Association of BD with the rs420259 SNP, as found here using GRM test, has been initially reported by the Welcome Trust Consortium by applying the genotypic test [8], which represents a general modeling framework as GRM and genotypic tests has similar power. Interestingly, association of the same SNP with BD was also reported by applying either the MAX test [12] or a score-based nonparametric test [13] to the same WTCCC case-control BD data. Moreover, a meta-analysis (including WTCCC, STEP-BD, Iceland and Scandinavia samples; n = 5547 BD cases and 20241 controls) [14] suggested association between rs420259 and BD (P =1.2E-5). However, such association was not further reported by GWAS in extended datasets ([15], see Craddock and Sklar for review [16]), which were based on the CAT_ADD test.

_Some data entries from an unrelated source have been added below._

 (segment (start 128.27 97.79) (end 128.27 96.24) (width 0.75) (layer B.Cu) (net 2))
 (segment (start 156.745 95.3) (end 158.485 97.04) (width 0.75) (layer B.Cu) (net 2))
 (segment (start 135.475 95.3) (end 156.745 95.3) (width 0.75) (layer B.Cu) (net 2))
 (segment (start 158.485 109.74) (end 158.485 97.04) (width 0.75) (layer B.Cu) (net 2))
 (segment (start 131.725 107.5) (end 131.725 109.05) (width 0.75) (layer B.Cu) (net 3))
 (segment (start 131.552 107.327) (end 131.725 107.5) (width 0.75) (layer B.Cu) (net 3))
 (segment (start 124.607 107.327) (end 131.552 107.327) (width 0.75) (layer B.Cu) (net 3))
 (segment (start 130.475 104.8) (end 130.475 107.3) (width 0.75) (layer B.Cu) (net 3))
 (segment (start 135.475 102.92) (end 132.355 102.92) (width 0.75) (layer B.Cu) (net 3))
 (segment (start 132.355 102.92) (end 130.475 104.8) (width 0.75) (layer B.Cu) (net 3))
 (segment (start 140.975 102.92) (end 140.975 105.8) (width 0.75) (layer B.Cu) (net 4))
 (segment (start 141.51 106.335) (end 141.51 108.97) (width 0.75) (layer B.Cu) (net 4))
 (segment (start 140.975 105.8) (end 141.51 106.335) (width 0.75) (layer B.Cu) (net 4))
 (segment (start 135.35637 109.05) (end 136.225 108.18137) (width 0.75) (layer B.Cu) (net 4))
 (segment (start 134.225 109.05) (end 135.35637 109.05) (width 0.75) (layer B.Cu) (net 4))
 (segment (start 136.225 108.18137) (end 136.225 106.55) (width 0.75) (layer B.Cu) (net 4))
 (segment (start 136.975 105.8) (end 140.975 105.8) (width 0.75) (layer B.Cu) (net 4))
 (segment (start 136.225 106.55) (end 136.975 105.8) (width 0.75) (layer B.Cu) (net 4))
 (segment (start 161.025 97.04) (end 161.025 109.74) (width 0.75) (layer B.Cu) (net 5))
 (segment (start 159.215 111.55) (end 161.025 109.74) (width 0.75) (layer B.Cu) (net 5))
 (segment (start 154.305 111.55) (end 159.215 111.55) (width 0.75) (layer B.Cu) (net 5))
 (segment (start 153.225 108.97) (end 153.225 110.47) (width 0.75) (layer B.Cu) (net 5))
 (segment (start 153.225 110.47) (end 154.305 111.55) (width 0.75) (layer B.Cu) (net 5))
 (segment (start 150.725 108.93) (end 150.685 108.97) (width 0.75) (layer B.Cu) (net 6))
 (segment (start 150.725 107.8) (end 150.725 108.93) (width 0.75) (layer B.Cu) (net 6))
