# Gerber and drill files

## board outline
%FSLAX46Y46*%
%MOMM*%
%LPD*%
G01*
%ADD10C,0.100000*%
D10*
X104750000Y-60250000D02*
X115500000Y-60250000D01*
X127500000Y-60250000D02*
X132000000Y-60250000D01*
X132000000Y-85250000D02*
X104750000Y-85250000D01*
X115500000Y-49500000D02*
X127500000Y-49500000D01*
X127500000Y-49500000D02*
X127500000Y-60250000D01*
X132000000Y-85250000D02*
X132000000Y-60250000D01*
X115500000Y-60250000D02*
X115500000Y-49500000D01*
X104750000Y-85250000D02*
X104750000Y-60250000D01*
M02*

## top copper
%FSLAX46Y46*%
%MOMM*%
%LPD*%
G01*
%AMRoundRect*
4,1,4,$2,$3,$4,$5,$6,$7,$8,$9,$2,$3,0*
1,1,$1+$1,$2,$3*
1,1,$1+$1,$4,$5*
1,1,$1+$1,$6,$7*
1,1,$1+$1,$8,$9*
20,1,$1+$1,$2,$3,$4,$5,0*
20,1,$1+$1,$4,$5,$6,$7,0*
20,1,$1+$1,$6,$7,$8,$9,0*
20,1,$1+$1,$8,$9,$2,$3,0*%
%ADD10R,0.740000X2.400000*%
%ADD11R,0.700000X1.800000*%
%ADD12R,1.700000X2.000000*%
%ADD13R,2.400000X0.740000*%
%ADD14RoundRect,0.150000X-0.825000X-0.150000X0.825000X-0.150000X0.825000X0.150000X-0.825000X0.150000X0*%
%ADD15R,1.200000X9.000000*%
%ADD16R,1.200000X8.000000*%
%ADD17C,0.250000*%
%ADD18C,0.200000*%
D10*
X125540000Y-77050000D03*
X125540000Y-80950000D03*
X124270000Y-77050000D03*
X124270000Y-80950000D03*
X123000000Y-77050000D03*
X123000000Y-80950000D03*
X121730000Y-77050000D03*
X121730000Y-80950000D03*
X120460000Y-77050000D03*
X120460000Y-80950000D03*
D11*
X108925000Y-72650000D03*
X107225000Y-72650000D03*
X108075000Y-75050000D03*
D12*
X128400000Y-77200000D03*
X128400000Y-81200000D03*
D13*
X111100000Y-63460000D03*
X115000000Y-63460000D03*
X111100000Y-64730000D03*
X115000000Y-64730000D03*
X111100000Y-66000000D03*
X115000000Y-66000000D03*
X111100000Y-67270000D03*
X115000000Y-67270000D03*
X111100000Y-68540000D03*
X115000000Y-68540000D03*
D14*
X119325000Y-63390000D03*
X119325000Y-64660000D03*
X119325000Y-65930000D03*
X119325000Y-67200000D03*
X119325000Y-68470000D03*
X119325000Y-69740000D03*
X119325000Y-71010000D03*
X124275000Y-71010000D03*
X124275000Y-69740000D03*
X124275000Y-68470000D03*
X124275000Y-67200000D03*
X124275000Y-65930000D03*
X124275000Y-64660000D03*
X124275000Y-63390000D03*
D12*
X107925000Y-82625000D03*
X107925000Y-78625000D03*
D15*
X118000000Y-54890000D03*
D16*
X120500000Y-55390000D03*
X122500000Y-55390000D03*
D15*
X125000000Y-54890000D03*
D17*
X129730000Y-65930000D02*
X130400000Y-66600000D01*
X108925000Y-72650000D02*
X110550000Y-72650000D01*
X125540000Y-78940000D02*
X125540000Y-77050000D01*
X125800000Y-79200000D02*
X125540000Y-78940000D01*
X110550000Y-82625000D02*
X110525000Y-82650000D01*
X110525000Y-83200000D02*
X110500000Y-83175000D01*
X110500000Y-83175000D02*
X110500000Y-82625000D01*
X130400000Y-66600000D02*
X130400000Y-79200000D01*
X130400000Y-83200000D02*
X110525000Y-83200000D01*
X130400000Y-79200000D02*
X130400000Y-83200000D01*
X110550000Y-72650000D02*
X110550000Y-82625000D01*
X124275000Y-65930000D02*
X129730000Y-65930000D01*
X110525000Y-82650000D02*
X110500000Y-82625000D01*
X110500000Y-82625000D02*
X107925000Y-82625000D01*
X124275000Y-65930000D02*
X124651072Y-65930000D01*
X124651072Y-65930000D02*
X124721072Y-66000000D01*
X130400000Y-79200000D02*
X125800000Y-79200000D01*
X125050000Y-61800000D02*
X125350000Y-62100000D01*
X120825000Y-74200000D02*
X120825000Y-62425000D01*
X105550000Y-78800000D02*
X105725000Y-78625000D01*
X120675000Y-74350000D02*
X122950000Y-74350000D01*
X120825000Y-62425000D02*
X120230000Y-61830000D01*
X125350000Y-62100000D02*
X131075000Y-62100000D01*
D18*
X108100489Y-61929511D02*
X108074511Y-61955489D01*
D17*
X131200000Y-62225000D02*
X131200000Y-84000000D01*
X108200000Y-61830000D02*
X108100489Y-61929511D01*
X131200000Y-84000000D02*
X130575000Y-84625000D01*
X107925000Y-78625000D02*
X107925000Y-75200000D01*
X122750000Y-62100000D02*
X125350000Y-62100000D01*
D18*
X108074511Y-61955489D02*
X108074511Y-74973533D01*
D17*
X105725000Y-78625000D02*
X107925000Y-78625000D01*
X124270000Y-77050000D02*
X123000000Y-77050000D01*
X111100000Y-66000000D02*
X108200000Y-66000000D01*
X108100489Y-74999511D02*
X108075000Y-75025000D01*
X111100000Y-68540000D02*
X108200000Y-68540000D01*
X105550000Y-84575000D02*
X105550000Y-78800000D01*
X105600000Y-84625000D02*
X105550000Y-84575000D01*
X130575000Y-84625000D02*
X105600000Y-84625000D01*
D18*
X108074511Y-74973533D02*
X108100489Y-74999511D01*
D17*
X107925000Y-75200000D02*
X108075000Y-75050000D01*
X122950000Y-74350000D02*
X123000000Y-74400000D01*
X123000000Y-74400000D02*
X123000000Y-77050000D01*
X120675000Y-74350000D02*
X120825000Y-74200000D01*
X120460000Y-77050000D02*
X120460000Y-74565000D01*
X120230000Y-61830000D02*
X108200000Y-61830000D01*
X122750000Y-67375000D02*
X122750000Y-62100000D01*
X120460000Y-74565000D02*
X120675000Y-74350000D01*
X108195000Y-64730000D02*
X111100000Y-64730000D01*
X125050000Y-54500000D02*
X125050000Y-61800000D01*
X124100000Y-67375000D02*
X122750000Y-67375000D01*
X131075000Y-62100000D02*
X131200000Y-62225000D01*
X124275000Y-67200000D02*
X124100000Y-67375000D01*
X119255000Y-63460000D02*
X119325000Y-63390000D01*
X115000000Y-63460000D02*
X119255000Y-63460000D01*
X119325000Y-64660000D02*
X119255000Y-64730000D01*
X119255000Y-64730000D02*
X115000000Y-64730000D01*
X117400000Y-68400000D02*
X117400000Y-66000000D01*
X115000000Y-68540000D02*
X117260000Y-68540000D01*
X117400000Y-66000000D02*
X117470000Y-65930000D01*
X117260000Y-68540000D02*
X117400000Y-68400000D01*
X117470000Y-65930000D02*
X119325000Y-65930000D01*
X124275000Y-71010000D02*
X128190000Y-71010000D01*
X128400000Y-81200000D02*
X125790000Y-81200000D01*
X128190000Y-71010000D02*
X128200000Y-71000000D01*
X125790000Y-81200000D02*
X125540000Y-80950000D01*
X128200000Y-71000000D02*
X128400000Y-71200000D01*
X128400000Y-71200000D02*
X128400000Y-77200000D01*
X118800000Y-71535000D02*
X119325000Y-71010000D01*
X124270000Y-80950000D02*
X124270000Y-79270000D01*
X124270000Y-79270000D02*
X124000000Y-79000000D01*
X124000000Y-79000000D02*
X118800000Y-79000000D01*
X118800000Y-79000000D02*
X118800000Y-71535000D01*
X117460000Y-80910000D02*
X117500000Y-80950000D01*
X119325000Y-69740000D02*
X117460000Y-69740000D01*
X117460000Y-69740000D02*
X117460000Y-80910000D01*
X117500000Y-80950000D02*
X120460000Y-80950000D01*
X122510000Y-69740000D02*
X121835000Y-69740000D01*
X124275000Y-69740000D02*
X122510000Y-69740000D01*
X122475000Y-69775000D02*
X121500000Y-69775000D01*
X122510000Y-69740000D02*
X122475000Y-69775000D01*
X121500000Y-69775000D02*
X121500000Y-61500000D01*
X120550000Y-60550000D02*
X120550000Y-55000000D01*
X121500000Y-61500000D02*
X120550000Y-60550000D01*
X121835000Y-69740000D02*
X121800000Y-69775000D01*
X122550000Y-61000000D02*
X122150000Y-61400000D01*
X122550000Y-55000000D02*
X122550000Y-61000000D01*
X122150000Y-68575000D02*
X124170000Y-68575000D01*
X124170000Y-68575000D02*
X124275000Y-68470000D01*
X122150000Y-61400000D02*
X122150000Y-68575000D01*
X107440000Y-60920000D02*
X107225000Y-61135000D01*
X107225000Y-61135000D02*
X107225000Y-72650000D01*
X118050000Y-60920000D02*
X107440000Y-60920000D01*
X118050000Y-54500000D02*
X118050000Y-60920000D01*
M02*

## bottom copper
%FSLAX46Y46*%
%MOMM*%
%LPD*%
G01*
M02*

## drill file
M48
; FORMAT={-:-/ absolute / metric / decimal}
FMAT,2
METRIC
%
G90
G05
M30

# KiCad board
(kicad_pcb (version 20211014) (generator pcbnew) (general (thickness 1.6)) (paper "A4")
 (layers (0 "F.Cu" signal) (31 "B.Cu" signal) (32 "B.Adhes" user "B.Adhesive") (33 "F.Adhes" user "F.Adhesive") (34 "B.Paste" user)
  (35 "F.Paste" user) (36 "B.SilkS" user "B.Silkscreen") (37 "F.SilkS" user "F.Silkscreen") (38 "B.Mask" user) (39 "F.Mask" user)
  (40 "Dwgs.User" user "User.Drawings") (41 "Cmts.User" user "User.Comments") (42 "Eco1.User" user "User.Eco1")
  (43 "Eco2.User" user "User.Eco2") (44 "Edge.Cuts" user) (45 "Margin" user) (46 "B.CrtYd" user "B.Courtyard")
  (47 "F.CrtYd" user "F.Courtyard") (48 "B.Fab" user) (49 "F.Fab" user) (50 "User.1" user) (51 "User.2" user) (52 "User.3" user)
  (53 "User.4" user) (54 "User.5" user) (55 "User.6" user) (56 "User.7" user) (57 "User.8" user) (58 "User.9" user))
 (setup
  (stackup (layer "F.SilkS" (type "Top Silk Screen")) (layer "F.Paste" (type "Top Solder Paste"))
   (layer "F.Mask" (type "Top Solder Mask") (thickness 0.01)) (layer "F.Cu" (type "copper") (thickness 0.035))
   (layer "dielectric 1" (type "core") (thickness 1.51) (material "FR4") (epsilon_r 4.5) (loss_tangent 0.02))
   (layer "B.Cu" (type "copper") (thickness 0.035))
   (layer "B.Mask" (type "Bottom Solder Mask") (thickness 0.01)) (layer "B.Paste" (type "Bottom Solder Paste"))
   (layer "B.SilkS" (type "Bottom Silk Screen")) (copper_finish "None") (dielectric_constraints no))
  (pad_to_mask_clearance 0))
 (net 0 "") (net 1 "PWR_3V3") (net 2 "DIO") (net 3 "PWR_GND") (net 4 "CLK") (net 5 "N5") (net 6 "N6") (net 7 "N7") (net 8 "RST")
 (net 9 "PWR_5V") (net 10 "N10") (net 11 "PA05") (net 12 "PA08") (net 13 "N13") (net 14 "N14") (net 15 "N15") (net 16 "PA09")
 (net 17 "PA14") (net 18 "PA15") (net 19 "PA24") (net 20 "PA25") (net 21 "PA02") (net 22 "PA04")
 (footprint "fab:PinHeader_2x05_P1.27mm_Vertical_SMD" (layer "F.Cu") (at 123 79 -90)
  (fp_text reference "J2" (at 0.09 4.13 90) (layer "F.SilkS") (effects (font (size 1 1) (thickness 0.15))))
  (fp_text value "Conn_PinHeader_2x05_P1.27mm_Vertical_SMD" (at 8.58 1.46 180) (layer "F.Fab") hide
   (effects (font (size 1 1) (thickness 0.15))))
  (pad "1" smd rect locked (at -1.95 -2.54 270) (size 2.4 0.74) (layers "F.Cu" "F.Paste" "F.Mask") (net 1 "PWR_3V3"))
  (pad "2" smd rect locked (at 1.95 -2.54 270) (size 2.4 0.74) (layers "F.Cu" "F.Paste" "F.Mask") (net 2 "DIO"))
  (pad "3" smd rect locked (at -1.95 -1.27 270) (size 2.4 0.74) (layers "F.Cu" "F.Paste" "F.Mask") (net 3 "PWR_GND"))
  (pad "4" smd rect locked (at 1.95 -1.27 270) (size 2.4 0.74) (layers "F.Cu" "F.Paste" "F.Mask") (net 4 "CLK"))
  (pad "5" smd rect locked (at -1.95 0 270) (size 2.4 0.74) (layers "F.Cu" "F.Paste" "F.Mask") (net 3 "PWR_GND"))
  (pad "6" smd rect locked (at 1.95 0 270) (size 2.4 0.74) (layers "F.Cu" "F.Paste" "F.Mask") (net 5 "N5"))
  (pad "7" smd rect locked (at -1.95 1.27 270) (size 2.4 0.74) (layers "F.Cu" "F.Paste" "F.Mask") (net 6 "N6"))
  (pad "8" smd rect locked (at 1.95 1.27 270) (size 2.4 0.74) (layers "F.Cu" "F.Paste" "F.Mask") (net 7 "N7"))
  (pad "9" smd rect locked (at -1.95 2.54 270) (size 2.4 0.74) (layers "F.Cu" "F.Paste" "F.Mask") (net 3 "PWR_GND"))
  (pad "10" smd rect locked (at 1.95 2.54 270) (size 2.4 0.74) (layers "F.Cu" "F.Paste" "F.Mask") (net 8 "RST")))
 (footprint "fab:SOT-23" (layer "F.Cu") (at 108.075 73.85 -90)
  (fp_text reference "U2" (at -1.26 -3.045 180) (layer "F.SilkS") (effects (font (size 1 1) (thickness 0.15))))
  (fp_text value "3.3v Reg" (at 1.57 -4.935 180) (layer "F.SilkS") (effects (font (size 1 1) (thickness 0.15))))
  (pad "1" smd rect (at -1.2 -0.85 270) (size 1.8 0.7) (layers "F.Cu" "F.Paste" "F.Mask") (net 1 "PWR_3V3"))
  (pad "2" smd rect (at -1.2 0.85 270) (size 1.8 0.7) (layers "F.Cu" "F.Paste" "F.Mask") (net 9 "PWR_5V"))
  (pad "3" smd rect (at 1.2 0 270) (size 1.8 0.7) (layers "F.Cu" "F.Paste" "F.Mask") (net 3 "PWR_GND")))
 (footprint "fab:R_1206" (layer "F.Cu") (at 128.4 79.2 -90)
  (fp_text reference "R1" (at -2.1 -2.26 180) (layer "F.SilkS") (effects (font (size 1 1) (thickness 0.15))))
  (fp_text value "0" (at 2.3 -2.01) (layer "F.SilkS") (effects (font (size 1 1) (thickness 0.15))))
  (pad "1" smd rect locked (at -2 0 270) (size 2 1.7) (layers "F.Cu" "F.Paste" "F.Mask") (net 2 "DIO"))
  (pad "2" smd rect locked (at 2 0 270) (size 2 1.7) (layers "F.Cu" "F.Paste" "F.Mask") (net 2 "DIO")))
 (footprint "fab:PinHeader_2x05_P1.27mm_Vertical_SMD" (layer "F.Cu") (at 113.05 66)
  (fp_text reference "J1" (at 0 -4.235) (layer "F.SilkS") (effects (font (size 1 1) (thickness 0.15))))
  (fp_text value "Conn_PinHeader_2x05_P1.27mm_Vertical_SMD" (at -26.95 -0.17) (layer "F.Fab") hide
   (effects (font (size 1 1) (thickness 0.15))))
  (pad "1" smd rect locked (at -1.95 -2.54) (size 2.4 0.74) (layers "F.Cu" "F.Paste" "F.Mask") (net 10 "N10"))
  (pad "2" smd rect locked (at 1.95 -2.54) (size 2.4 0.74) (layers "F.Cu" "F.Paste" "F.Mask") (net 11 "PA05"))
  (pad "3" smd rect locked (at -1.95 -1.27) (size 2.4 0.74) (layers "F.Cu" "F.Paste" "F.Mask") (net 3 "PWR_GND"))
  (pad "4" smd rect locked (at 1.95 -1.27) (size 2.4 0.74) (layers "F.Cu" "F.Paste" "F.Mask") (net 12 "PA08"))
  (pad "5" smd rect locked (at -1.95 0) (size 2.4 0.74) (layers "F.Cu" "F.Paste" "F.Mask") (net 3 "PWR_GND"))
  (pad "6" smd rect locked (at 1.95 0) (size 2.4 0.74) (layers "F.Cu" "F.Paste" "F.Mask") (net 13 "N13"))
  (pad "7" smd rect locked (at -1.95 1.27) (size 2.4 0.74) (layers "F.Cu" "F.Paste" "F.Mask") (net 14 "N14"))
  (pad "8" smd rect locked (at 1.95 1.27) (size 2.4 0.74) (layers "F.Cu" "F.Paste" "F.Mask") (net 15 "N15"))
  (pad "9" smd rect locked (at -1.95 2.54) (size 2.4 0.74) (layers "F.Cu" "F.Paste" "F.Mask") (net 3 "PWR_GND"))
  (pad "10" smd rect locked (at 1.95 2.54) (size 2.4 0.74) (layers "F.Cu" "F.Paste" "F.Mask") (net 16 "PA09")))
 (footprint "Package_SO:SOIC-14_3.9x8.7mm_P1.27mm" (layer "F.Cu") (at 121.8 67.2)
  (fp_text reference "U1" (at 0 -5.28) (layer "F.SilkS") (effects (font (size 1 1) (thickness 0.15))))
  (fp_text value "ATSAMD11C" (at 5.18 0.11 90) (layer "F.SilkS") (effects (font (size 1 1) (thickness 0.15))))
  (pad "1" smd roundrect (at -2.475 -3.81) (size 1.95 0.6) (layers "F.Cu" "F.Paste" "F.Mask") (roundrect_rratio 0.25) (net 11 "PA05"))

The rs420259 is located in an intron of PALB2 gene which is involved in tumor suppression. Interestingly, the DCTN5 gene is in the immediate vicinity of the PALB2 gene. DCTN5 is known to be involved in intracellular transport, and its knockdown in vitro leads to an abnormal hyper-activity and disrupted development of neural networks [17]. DCTN5 also interacts with DISC1 gene (Disrupted in schizophrenia 1), a gene associated with bipolar disorder in several studies [18].

Conclusions

Overall, the GRM modeling framework is a user-friendly and powerful approach which allows testing for association with disease and for the underlying genetic model. This association test is easy and quick to apply and thus particularly appropriate for association studies of large panels of markers in simple and complex situations.